Из очерка Бориса Зайцева «Еще о Пастернаке»:
«Из его «Автобиографических заметок» я узнал мелочь, послужившую началом переписки; мы родились с ним в один и тот же день месяца, только он на девять лет позже меня.
Я написал ему наудачу и о совпадении, и о другом. С этого и началось. Начался странный, заочный, краткий «роман».
15 марта 59 г. он ответил мне: «Дорогой Борис Константинович, не могу Вам передать… как обрадовали Вы меня своим письмом. Наверно никто не догадывается, как часто я желаю себе совсем другой жизни, как часто бываю в тоске и ужасе от самого себя, от несчастного своего склада, требующего такой свободы духовных поисков и их выражения, которой наверно нет нигде, от поворотов судьбы, доставляющих страдания близким. Ваше письмо пришло в одну из минут такой гложущей грусти — спасибо Вам». Ему «чрезвычайно дорого», что я говорю о его книге, но «что бы Вы ни сказали, я все принял бы с величайшей благодарностью». «Как все сказочно, как невероятно! Не правда ли! Пишу Вам, мысленно вижу перед собою и глазам своим не верю. И благодарю и обнимаю»…
Его письма ко мне получали здесь большой отклик. Их всегда просили читать вслух. По этому поводу я написал ему о Петрарке. Письма Петрарки из Авиньона во Флоренцию друзьям считались там событием. Получавший созывал друзей, устраивал обед, потом читалось письмо — десерт высокого тона. Разбойники под Флоренцией, грабившие купцов с севера (они-то и возили письма), очень ценили, если в добыче попадалось письмо Петрарки — дорого можно было продать.
Это мое письмо о Петрарке видимо пронзило его. Но ответа я не получил — ответное письмо не дошло. Что оно не дошло, видно из его письма к моей дочери. («Мои восторги пропали по дороге») — да, очевидно, он-то получил и ответил со свойственной ему очаровательно-детской восторженностью, но вероятно начальство решило, что это уж слишком — писать так эмигрантскому человеку.
Переписка все-таки продолжалась. В письме от 4 октября 59 г. он пишет о своей пьесе: «Пожелайте мне, чтобы непредвиденное извне не помешало ходу и, еще отдаленному, завершению захватившей меня работы. Из поры безразличия, с каким я подходил к пьесе, она перешла в состояние, когда баловство или попытка становятся заветным занятием или делом страсти.
«Не надо преувеличивать прочность моего положения. Оно никогда не станет установившимся и надежным».

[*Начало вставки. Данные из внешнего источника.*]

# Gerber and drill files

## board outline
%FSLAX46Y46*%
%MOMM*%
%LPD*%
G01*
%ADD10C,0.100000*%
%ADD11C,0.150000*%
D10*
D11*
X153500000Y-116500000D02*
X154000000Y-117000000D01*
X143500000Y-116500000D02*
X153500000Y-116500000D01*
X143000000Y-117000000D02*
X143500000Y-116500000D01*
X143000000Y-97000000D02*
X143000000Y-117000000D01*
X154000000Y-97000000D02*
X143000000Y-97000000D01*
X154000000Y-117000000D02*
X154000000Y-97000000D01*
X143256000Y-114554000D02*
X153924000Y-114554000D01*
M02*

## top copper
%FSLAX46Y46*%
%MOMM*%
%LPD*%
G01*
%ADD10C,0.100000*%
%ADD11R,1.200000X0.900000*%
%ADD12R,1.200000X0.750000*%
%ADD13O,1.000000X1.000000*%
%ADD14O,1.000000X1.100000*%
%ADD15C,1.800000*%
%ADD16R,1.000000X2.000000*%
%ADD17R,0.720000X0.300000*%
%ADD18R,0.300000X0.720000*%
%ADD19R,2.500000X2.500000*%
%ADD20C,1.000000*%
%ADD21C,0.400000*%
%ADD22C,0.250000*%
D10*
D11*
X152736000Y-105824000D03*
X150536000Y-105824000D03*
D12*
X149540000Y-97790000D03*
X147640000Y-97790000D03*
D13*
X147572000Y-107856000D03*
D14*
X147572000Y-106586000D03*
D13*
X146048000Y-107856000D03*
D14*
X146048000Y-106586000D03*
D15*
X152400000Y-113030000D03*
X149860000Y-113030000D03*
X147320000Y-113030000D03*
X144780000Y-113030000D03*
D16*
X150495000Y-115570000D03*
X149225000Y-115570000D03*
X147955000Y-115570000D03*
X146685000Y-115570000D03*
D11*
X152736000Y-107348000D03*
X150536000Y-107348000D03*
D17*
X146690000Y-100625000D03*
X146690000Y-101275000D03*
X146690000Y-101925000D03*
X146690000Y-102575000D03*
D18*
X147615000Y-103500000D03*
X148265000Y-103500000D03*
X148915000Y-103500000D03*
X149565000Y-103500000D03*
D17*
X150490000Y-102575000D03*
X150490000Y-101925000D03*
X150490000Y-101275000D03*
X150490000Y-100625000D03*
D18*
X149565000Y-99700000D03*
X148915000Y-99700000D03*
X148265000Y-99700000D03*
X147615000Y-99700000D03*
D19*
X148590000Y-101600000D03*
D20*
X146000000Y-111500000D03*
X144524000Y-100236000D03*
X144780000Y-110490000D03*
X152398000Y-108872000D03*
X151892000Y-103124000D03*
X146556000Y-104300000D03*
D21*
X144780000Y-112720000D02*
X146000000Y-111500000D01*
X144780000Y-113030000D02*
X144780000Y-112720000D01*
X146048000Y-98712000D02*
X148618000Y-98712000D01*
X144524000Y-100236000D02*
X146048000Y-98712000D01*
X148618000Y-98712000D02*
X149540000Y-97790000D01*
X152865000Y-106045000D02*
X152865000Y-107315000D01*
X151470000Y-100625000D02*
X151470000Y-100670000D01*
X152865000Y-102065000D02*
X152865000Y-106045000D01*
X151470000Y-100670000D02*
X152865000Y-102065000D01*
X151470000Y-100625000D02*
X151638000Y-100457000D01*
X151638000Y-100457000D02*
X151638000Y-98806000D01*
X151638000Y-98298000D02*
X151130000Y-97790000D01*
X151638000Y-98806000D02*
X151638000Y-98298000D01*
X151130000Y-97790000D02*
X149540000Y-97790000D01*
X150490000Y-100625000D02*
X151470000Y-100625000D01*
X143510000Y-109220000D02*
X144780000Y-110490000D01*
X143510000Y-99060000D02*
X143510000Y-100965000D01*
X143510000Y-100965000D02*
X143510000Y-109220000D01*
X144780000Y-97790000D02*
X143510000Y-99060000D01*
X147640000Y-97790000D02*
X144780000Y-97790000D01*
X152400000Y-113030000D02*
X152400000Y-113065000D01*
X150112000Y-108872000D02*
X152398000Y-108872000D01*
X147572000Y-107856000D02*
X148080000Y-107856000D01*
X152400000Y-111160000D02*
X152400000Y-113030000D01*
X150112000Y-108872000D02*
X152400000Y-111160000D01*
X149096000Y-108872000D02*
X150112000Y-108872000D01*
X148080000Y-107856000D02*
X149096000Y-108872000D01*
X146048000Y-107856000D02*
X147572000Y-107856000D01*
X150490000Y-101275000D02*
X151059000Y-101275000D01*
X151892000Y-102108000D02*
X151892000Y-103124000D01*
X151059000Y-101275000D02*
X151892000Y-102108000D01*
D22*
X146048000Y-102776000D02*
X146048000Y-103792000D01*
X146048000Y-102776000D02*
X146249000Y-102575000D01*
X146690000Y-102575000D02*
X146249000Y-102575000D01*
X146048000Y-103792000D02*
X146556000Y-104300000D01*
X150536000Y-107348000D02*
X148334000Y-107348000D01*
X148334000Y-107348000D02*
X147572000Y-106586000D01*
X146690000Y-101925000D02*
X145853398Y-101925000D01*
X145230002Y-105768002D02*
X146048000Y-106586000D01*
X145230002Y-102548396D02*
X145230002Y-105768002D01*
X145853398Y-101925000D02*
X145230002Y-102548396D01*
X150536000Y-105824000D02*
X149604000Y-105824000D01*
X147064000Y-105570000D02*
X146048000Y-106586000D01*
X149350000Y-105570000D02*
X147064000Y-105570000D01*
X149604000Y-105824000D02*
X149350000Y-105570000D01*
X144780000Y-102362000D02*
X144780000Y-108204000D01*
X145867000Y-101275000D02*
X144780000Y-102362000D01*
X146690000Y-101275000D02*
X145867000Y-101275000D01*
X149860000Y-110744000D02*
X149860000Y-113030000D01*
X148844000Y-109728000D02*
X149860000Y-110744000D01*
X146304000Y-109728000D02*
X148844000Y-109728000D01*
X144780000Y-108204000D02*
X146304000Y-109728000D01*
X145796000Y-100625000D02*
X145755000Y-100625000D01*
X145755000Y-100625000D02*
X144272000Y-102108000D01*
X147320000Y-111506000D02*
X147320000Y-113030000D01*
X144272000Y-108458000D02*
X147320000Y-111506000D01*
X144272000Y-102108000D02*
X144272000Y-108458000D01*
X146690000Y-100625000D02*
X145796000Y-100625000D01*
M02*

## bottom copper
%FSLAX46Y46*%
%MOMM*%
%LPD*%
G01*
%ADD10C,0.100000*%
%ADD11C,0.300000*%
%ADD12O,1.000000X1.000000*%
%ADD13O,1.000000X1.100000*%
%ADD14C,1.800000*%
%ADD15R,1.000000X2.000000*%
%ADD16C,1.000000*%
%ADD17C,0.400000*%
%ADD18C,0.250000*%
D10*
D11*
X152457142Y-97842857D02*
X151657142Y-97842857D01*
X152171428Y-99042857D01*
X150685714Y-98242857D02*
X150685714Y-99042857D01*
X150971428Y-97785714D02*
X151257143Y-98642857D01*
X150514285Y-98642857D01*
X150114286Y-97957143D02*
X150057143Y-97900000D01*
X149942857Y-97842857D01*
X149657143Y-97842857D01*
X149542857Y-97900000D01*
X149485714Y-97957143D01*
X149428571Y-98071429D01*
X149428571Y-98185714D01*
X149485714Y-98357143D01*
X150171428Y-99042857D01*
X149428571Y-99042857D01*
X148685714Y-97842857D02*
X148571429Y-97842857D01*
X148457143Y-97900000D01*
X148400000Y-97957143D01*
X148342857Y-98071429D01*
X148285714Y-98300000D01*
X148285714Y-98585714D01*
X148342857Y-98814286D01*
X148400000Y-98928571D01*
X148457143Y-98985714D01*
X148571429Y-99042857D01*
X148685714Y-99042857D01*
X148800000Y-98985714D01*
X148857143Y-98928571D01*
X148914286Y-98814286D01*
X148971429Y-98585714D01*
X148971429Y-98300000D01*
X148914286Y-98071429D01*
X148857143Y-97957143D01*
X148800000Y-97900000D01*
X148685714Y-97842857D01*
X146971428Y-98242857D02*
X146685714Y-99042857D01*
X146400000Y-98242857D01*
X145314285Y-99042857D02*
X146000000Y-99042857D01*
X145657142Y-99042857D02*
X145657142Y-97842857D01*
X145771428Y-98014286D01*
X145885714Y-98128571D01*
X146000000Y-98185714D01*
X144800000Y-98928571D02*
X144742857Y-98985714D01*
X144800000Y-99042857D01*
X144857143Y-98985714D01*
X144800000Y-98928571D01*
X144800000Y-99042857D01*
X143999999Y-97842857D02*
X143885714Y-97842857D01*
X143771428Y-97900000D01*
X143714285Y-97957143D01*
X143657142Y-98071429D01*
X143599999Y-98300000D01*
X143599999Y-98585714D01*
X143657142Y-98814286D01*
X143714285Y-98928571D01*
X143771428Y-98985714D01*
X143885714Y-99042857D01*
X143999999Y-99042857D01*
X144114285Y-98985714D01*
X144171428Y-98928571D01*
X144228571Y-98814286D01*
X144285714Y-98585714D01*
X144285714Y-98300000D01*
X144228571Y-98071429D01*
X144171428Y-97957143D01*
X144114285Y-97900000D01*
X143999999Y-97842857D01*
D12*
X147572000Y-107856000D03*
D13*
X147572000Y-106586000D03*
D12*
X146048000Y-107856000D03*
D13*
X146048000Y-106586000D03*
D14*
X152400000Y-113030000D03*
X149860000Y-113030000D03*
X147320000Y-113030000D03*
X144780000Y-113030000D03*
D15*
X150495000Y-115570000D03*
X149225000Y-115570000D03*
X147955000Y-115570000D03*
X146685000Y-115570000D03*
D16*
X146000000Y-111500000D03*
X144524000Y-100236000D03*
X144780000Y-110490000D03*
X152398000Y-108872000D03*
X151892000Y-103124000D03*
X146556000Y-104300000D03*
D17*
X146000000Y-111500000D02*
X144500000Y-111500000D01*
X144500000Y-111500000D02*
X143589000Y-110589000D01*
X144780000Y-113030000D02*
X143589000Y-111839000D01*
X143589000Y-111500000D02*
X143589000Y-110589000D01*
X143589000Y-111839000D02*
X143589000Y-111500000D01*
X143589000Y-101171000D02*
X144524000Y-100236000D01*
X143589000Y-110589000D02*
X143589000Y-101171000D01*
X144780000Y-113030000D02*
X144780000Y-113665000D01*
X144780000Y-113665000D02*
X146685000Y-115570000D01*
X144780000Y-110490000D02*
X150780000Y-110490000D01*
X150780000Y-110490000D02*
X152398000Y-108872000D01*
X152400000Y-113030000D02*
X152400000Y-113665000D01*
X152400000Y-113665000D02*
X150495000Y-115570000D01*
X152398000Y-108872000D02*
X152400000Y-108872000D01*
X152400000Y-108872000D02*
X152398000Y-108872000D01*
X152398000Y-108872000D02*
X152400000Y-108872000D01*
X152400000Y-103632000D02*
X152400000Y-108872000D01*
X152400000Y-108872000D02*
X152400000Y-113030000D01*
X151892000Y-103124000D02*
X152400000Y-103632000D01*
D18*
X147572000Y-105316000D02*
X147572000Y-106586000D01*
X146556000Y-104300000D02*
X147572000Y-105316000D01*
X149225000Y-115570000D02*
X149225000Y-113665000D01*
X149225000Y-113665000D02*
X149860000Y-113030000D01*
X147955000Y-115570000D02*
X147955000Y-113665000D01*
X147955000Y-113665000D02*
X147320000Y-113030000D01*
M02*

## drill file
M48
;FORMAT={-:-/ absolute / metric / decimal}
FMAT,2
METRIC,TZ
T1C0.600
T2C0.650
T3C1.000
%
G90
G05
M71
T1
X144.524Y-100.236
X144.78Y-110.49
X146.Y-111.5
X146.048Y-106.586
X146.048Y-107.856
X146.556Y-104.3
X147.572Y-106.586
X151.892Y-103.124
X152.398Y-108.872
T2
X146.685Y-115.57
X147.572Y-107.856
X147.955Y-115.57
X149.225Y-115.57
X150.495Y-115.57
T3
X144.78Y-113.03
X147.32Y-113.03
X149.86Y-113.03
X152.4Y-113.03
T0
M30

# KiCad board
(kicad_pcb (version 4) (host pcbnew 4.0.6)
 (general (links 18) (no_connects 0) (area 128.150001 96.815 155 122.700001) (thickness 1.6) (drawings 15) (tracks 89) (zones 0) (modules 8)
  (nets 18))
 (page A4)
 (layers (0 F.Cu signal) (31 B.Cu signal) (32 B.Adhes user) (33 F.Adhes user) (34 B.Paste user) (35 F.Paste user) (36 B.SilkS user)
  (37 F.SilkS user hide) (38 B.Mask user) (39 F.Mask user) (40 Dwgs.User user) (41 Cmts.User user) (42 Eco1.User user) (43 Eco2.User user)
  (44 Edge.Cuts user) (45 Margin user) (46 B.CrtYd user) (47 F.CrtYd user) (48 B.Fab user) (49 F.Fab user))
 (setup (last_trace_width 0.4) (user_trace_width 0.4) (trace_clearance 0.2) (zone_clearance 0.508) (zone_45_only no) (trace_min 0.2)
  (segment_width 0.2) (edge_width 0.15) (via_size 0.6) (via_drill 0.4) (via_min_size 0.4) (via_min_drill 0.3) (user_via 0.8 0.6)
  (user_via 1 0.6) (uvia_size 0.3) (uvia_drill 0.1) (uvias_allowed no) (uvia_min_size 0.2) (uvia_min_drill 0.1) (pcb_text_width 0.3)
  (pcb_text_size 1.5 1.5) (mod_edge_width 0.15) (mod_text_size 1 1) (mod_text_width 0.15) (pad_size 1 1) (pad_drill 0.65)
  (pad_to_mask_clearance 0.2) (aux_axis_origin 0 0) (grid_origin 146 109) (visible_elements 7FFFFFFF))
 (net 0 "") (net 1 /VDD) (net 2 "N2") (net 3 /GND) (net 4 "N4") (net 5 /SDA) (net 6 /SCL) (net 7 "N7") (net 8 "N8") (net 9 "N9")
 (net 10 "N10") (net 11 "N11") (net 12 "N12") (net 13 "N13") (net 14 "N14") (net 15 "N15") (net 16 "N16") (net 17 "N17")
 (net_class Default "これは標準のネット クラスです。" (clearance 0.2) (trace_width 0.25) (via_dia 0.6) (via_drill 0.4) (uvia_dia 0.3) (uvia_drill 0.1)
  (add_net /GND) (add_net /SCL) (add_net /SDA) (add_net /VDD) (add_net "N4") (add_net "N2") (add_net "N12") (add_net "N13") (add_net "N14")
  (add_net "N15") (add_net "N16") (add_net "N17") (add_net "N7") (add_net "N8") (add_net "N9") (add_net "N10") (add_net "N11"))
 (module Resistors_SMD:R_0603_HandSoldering (layer F.Cu) (at 151.636 105.824 180)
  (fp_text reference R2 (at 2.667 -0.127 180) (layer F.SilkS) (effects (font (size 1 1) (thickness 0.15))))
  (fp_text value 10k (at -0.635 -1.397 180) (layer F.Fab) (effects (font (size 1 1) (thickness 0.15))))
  (pad 1 smd rect (at -1.1 0 180) (size 1.2 0.9) (layers F.Cu F.Paste F.Mask) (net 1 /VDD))
  (pad 2 smd rect (at 1.1 0 180) (size 1.2 0.9) (layers F.Cu F.Paste F.Mask) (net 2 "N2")))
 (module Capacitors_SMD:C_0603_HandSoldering (layer F.Cu) (at 148.59 97.79 180)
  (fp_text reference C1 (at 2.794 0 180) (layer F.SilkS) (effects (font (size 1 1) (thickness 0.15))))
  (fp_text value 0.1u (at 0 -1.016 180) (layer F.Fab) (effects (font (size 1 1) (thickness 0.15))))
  (pad 1 smd rect (at -0.95 0 180) (size 1.2 0.75) (layers F.Cu F.Paste F.Mask) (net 1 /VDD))
  (pad 2 smd rect (at 0.95 0 180) (size 1.2 0.75) (layers F.Cu F.Paste F.Mask) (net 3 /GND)))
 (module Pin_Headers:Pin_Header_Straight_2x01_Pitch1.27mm (layer F.Cu) (at 147.572 107.856 90)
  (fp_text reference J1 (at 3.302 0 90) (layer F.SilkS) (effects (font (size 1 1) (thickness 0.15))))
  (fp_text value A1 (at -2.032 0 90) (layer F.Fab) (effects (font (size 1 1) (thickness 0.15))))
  (pad 1 thru_hole oval (at 0 0 90) (size 1 1) (drill 0.65) (layers *.Cu *.Mask) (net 3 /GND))
  (pad 2 thru_hole oval (at 1.27 0 90) (size 1.1 1) (drill 0.6) (layers *.Cu *.Mask) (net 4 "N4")))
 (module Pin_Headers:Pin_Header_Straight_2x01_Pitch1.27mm (layer F.Cu) (at 146.048 107.856 90)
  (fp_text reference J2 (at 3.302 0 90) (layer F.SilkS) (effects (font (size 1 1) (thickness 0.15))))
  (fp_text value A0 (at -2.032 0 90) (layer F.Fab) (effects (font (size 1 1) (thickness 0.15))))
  (pad 1 thru_hole oval (at 0 0 90) (size 1 1) (drill 0.6) (layers *.Cu *.Mask) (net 3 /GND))
  (pad 2 thru_hole oval (at 1.27 0 90) (size 1.1 1) (drill 0.6) (layers *.Cu *.Mask) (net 2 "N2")))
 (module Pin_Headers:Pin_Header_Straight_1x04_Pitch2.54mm (layer F.Cu) (at 152.4 113.03 270)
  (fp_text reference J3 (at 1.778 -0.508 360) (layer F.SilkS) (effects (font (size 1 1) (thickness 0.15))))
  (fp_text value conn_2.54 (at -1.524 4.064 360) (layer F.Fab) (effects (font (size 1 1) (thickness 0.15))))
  (pad 1 thru_hole circle (at 0 0 270) (size 1.8 1.8) (drill 1) (layers *.Cu *.Mask) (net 3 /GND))
  (pad 2 thru_hole circle (at 0 2.54 270) (size 1.8 1.8) (drill 1) (layers *.Cu *.Mask) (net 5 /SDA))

В последнем письме, февральском, 1960 г. он меня поздравляет со днем рождения. Та же горячность и нежность. Та же детски-открытая душа. (Недаром Ахматова говорила о нем, что он вечно будет молод. Да, он был молод душевно, с большим темпераментом, несомненно. И гневался иногда. И бурно. Как тяжко таким натурам жить под ярмом!)
И вот что еще он пишет в предсмертном письме: «Все это» (мои книги. Я ему посылал, они доходили) «попадает в жадные и дорогие мне руки одной героини-приятельницы, которой порядком за меня в жизни достается и досталось в самом прямом смысле… слова и дела».
…»Но Вам, лично Вам хочется мне сейчас свято и клятвенно пообещать и связать себя этой клятвой, что с завтрашнего дня все будет отложено в сторону… работа закипит и сдвинется с мертвой точки». (Дело идет о пьесе).
* * *
Не знаю ничего о судьбе этой пьесы. Не знаю даже, окончена ли она. Вернее, что нет. Знаю, однако, что размах ее огромен, кажется, это триптих.
Жизненную же драму знаю, и пред нею почтительно, с грустью склоняюсь.
Да, «баснословный» год. Менее чем через три месяца после февральского письма, 30 мая 1960 г. Борис Леонидович скончался. Для советской власти довольно удобно: неудобный писатель с мировой славой, стоявший поперек горла, ушел. Ну, что же, травили человека, травили после Нобелевской премии, потом лечили, лечили, он и умер. Все в порядке. Осталась могила, горе близких. У меня под иконой пучечек овса с этой могилы. И где-то рукопись пьесы».